GOAL OF THE EXERCISE
Extract from the entries below, exactly as given, only the lines from the line containing "X1593019Y1324781D01*" to the line containing "X1393019Y1353352D01*", both lines included.

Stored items
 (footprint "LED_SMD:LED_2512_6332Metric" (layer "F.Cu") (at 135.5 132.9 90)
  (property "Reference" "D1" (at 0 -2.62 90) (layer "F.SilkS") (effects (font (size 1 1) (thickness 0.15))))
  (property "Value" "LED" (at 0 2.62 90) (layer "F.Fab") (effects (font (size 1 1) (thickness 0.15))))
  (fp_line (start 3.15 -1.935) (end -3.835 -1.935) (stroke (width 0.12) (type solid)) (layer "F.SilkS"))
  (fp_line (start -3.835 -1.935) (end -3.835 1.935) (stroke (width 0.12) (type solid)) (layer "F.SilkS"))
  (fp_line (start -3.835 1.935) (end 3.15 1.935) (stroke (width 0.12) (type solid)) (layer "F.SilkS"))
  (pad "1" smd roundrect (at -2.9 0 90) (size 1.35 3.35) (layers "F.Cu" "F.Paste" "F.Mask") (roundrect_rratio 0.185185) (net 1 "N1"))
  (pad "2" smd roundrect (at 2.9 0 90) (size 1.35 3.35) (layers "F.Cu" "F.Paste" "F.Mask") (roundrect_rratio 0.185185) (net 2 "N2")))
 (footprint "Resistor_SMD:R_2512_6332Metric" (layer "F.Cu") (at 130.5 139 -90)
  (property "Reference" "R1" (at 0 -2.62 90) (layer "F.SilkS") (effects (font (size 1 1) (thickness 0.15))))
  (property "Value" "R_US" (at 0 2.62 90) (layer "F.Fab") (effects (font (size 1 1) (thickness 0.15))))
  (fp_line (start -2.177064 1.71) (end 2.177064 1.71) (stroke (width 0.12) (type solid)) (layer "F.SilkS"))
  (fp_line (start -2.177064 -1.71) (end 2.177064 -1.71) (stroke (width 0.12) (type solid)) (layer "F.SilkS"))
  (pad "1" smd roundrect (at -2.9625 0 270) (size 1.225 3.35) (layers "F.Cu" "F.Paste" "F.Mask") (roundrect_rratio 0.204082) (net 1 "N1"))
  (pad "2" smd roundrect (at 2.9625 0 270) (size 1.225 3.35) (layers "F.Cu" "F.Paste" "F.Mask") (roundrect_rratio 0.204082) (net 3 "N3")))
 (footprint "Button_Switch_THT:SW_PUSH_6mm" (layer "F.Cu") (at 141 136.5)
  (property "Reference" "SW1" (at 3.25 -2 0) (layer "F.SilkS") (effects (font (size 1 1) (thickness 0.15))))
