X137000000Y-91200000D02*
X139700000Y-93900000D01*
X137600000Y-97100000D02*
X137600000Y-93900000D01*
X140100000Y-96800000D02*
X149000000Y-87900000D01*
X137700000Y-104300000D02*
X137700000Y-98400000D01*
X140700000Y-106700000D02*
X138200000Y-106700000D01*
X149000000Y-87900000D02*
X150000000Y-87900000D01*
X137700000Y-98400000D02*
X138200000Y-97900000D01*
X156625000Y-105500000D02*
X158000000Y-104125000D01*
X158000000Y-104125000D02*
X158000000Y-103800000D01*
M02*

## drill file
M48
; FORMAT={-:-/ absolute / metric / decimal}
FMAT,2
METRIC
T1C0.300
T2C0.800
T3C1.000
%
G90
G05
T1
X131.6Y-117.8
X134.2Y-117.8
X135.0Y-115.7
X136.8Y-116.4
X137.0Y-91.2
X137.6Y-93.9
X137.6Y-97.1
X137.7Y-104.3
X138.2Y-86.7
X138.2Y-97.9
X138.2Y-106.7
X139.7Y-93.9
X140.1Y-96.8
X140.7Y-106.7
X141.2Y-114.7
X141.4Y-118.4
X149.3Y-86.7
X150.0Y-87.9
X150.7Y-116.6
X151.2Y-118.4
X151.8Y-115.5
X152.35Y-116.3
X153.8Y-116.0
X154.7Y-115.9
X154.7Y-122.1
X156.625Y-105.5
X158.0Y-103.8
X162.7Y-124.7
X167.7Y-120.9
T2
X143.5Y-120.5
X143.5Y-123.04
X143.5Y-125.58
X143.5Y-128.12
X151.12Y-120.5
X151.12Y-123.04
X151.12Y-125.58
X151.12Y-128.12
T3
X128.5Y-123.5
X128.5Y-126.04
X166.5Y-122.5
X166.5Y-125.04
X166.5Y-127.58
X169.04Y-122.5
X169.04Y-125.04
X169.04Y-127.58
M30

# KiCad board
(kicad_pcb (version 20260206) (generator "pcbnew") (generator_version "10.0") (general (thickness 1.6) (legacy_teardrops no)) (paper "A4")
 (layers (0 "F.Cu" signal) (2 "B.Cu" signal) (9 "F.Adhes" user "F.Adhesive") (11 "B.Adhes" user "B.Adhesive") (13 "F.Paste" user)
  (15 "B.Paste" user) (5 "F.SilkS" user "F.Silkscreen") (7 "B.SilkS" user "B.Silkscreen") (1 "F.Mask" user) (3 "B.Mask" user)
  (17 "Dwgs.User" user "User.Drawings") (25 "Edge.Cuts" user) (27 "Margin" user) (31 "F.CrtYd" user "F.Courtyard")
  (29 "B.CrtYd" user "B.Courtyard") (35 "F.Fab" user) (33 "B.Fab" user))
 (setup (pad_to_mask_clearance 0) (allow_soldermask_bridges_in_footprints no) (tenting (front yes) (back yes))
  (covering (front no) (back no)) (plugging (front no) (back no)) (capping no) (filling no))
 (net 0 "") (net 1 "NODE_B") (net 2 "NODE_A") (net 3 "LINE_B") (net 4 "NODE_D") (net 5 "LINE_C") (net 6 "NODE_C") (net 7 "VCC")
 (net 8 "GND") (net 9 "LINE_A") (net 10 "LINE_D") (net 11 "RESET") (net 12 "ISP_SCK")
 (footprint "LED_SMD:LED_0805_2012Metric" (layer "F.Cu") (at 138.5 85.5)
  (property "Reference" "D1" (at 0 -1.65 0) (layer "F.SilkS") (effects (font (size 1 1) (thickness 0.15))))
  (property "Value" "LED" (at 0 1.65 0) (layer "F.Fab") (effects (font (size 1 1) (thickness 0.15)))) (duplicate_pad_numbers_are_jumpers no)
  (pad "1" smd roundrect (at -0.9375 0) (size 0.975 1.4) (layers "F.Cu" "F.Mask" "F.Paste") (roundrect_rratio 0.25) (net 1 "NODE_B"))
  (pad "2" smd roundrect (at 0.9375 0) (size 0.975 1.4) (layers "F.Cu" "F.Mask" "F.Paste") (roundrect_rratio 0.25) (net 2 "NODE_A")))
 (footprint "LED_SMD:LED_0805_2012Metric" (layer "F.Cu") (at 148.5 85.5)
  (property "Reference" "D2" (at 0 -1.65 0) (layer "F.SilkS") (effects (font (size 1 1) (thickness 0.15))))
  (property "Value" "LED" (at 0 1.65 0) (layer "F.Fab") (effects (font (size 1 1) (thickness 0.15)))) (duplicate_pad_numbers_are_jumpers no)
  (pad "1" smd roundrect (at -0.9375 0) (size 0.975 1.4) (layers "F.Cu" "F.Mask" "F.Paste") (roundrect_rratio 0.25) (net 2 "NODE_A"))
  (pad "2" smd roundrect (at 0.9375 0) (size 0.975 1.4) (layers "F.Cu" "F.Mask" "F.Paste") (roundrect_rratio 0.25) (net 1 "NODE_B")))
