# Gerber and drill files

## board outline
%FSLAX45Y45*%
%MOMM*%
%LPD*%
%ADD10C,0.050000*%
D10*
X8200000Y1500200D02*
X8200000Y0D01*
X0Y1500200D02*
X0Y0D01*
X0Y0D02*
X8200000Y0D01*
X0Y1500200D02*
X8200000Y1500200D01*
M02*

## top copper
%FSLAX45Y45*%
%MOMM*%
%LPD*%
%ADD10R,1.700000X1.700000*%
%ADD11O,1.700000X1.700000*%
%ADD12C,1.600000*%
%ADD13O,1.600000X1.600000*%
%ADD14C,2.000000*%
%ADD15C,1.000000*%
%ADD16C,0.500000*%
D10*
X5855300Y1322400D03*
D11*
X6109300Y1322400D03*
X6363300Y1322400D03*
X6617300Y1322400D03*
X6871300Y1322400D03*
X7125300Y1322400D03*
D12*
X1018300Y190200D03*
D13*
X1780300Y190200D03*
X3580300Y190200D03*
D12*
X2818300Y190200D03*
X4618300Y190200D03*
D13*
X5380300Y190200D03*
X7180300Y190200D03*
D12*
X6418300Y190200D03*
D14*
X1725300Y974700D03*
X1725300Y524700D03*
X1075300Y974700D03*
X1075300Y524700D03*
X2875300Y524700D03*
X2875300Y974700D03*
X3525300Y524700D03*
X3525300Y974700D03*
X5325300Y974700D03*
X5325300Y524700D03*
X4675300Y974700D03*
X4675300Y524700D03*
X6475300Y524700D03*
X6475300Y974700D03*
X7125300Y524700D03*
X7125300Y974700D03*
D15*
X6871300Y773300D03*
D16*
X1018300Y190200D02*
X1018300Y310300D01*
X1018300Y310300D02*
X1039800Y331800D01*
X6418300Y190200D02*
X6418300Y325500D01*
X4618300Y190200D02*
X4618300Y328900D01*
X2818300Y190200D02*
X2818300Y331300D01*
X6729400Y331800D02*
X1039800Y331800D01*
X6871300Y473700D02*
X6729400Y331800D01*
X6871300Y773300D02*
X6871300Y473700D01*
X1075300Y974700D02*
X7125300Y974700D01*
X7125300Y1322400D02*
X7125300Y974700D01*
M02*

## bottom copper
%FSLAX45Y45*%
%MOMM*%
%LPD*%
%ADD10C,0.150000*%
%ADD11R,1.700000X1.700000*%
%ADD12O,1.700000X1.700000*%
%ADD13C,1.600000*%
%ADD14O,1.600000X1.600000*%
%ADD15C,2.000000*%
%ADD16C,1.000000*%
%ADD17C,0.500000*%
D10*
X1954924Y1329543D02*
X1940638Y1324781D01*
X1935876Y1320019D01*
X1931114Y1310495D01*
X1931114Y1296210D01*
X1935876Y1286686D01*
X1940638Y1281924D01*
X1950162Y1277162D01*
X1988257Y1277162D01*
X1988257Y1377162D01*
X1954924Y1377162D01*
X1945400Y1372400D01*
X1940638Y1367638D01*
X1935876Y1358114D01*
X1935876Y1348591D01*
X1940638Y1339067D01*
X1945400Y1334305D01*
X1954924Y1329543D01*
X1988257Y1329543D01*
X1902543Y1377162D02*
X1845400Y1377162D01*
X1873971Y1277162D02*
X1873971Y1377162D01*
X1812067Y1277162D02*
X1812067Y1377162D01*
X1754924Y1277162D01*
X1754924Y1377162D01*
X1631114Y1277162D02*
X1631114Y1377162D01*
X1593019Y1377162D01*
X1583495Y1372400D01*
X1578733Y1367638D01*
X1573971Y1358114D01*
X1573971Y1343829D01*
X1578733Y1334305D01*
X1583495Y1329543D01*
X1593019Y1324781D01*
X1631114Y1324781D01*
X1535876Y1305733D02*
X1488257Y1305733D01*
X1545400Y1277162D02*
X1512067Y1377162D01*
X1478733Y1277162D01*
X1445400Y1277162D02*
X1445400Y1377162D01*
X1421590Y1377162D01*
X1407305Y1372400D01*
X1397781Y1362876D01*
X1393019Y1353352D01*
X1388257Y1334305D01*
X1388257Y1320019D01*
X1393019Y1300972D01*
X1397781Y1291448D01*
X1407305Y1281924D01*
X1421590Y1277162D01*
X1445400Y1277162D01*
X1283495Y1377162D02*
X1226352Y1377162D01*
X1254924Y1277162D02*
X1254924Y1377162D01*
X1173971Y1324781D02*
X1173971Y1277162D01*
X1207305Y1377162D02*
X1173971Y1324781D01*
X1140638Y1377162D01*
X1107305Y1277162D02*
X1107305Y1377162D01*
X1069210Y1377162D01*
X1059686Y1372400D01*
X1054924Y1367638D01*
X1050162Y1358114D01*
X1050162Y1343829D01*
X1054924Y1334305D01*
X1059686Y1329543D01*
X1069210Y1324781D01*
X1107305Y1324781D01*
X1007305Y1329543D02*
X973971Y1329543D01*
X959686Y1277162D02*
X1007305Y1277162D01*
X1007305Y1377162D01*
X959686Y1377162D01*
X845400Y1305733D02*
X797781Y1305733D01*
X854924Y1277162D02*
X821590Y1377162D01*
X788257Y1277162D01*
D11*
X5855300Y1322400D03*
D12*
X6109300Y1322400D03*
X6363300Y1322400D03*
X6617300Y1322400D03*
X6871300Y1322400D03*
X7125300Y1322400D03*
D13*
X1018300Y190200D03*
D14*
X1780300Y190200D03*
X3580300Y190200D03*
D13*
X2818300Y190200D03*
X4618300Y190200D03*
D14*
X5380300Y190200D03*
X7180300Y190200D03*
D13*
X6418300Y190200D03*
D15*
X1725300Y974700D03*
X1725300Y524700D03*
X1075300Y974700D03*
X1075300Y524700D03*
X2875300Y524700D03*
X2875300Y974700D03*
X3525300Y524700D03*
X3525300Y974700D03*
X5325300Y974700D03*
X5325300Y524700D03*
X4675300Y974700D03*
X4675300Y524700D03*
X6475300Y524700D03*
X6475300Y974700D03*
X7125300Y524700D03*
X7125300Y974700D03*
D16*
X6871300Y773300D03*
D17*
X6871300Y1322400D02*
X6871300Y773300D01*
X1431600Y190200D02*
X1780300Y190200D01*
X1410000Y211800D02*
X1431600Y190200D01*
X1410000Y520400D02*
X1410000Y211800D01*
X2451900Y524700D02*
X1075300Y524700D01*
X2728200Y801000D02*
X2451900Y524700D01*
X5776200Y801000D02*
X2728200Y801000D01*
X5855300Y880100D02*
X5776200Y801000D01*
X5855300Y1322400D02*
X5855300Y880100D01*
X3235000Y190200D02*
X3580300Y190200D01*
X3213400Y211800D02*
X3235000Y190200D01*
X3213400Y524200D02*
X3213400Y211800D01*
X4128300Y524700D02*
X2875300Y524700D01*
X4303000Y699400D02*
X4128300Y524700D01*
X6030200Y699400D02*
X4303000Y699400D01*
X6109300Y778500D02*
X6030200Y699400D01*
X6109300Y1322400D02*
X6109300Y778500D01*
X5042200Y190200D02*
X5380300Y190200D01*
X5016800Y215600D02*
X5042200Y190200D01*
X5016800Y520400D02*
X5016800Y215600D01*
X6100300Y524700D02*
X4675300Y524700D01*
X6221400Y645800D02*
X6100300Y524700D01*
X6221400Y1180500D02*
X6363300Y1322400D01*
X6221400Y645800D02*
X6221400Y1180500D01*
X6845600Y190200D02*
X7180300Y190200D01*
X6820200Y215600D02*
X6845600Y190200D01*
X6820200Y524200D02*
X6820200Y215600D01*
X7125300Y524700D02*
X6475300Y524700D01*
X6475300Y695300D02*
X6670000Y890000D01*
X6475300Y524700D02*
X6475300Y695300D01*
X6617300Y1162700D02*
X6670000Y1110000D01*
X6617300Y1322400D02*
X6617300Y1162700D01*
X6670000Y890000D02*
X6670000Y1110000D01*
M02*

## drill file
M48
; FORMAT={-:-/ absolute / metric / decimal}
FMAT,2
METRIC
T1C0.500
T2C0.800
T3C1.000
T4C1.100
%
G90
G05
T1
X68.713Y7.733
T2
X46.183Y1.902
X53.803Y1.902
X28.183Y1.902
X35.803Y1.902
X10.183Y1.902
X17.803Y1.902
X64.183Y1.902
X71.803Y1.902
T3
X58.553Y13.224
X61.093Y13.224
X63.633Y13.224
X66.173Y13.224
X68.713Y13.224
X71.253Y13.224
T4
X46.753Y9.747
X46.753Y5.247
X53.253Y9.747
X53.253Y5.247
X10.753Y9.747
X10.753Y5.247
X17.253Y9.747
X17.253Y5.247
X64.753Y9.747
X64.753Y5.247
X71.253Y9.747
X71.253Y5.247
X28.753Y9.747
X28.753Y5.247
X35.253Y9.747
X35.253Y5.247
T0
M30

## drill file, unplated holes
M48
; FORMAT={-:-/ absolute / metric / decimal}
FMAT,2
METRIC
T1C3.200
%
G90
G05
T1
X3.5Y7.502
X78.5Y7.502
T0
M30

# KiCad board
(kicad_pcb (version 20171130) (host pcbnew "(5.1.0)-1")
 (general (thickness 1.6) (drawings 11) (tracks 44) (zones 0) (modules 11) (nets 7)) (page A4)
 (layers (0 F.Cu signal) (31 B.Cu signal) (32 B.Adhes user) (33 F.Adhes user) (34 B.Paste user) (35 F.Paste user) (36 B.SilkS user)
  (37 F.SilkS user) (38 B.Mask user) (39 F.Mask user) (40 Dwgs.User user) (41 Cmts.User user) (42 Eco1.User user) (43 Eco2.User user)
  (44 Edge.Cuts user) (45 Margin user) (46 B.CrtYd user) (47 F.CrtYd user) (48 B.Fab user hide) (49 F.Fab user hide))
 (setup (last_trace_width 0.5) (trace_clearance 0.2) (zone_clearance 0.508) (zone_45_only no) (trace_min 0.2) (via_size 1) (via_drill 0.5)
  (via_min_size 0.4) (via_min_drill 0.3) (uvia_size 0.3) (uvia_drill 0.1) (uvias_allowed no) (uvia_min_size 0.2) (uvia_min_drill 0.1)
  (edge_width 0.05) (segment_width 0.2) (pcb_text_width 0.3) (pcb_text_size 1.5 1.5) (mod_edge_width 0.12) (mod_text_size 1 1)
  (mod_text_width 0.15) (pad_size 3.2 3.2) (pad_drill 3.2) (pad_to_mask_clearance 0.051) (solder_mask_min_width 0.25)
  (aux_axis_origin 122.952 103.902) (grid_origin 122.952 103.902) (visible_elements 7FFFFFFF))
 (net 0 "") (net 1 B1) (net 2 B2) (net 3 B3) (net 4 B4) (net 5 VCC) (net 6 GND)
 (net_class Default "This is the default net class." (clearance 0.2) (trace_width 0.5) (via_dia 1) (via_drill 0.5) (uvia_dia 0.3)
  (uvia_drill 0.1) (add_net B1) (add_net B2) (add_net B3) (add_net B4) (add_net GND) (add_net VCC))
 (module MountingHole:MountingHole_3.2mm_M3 (layer F.Cu) (at 201.452 96.4)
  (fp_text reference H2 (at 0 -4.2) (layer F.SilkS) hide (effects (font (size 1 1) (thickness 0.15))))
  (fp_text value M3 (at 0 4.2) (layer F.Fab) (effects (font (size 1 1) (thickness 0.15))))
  (pad 1 np_thru_hole circle (at 0 0) (size 3.2 3.2) (drill 3.2) (layers *.Cu *.Mask)))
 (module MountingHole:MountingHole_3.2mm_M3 (layer F.Cu) (at 126.452 96.4)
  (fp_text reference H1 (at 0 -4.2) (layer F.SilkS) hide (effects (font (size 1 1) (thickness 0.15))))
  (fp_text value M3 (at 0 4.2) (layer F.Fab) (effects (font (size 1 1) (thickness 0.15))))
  (pad "" np_thru_hole circle (at 0 0) (size 3.2 3.2) (drill 3.2) (layers *.Cu *.Mask)))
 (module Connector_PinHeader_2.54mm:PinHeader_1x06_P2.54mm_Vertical (layer F.Cu) (at 181.505 90.678 90)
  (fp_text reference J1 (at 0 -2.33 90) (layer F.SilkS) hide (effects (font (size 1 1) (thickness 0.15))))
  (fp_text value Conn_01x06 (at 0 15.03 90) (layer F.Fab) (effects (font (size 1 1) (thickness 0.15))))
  (pad 1 thru_hole rect (at 0 0 90) (size 1.7 1.7) (drill 1) (layers *.Cu *.Mask) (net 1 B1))
  (pad 2 thru_hole oval (at 0 2.54 90) (size 1.7 1.7) (drill 1) (layers *.Cu *.Mask) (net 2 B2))
  (pad 3 thru_hole oval (at 0 5.08 90) (size 1.7 1.7) (drill 1) (layers *.Cu *.Mask) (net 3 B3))
  (pad 4 thru_hole oval (at 0 7.62 90) (size 1.7 1.7) (drill 1) (layers *.Cu *.Mask) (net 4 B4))
  (pad 5 thru_hole oval (at 0 10.16 90) (size 1.7 1.7) (drill 1) (layers *.Cu *.Mask) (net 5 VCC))
  (pad 6 thru_hole oval (at 0 12.7 90) (size 1.7 1.7) (drill 1) (layers *.Cu *.Mask) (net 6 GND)))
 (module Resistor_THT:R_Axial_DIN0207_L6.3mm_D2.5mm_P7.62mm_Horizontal (layer F.Cu) (at 133.135 102)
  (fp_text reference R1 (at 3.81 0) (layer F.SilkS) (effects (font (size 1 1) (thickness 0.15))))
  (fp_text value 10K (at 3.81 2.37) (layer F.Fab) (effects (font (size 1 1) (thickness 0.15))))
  (pad 1 thru_hole circle (at 0 0) (size 1.6 1.6) (drill 0.8) (layers *.Cu *.Mask) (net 5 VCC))
  (pad 2 thru_hole oval (at 7.62 0) (size 1.6 1.6) (drill 0.8) (layers *.Cu *.Mask) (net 1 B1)))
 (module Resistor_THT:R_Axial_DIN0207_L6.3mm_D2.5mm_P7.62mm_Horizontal (layer F.Cu) (at 151.135 102)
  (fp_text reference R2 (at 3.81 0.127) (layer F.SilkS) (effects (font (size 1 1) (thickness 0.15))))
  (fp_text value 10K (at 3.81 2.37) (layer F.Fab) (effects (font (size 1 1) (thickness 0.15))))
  (pad 2 thru_hole oval (at 7.62 0) (size 1.6 1.6) (drill 0.8) (layers *.Cu *.Mask) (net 2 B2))
  (pad 1 thru_hole circle (at 0 0) (size 1.6 1.6) (drill 0.8) (layers *.Cu *.Mask) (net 5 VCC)))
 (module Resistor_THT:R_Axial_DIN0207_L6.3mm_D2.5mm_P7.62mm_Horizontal (layer F.Cu) (at 169.135 102)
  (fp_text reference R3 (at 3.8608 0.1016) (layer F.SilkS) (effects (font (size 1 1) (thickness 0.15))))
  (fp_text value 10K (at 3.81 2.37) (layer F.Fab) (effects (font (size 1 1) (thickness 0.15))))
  (pad 1 thru_hole circle (at 0 0) (size 1.6 1.6) (drill 0.8) (layers *.Cu *.Mask) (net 5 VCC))
  (pad 2 thru_hole oval (at 7.62 0) (size 1.6 1.6) (drill 0.8) (layers *.Cu *.Mask) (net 3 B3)))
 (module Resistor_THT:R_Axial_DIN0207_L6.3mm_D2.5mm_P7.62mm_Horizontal (layer F.Cu) (at 187.135 102)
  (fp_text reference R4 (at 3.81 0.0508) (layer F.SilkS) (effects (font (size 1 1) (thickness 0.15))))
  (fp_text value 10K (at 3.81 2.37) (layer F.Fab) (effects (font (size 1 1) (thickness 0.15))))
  (pad 2 thru_hole oval (at 7.62 0) (size 1.6 1.6) (drill 0.8) (layers *.Cu *.Mask) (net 4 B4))
  (pad 1 thru_hole circle (at 0 0) (size 1.6 1.6) (drill 0.8) (layers *.Cu *.Mask) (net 5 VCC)))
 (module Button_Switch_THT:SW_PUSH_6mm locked (layer F.Cu) (at 133.705 94.155)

ANSWER SECTION
X1593019Y1324781D01*
X1631114Y1324781D01*
X1535876Y1305733D02*
X1488257Y1305733D01*
X1545400Y1277162D02*
X1512067Y1377162D01*
X1478733Y1277162D01*
X1445400Y1277162D02*
X1445400Y1377162D01*
X1421590Y1377162D01*
X1407305Y1372400D01*
X1397781Y1362876D01*
X1393019Y1353352D01*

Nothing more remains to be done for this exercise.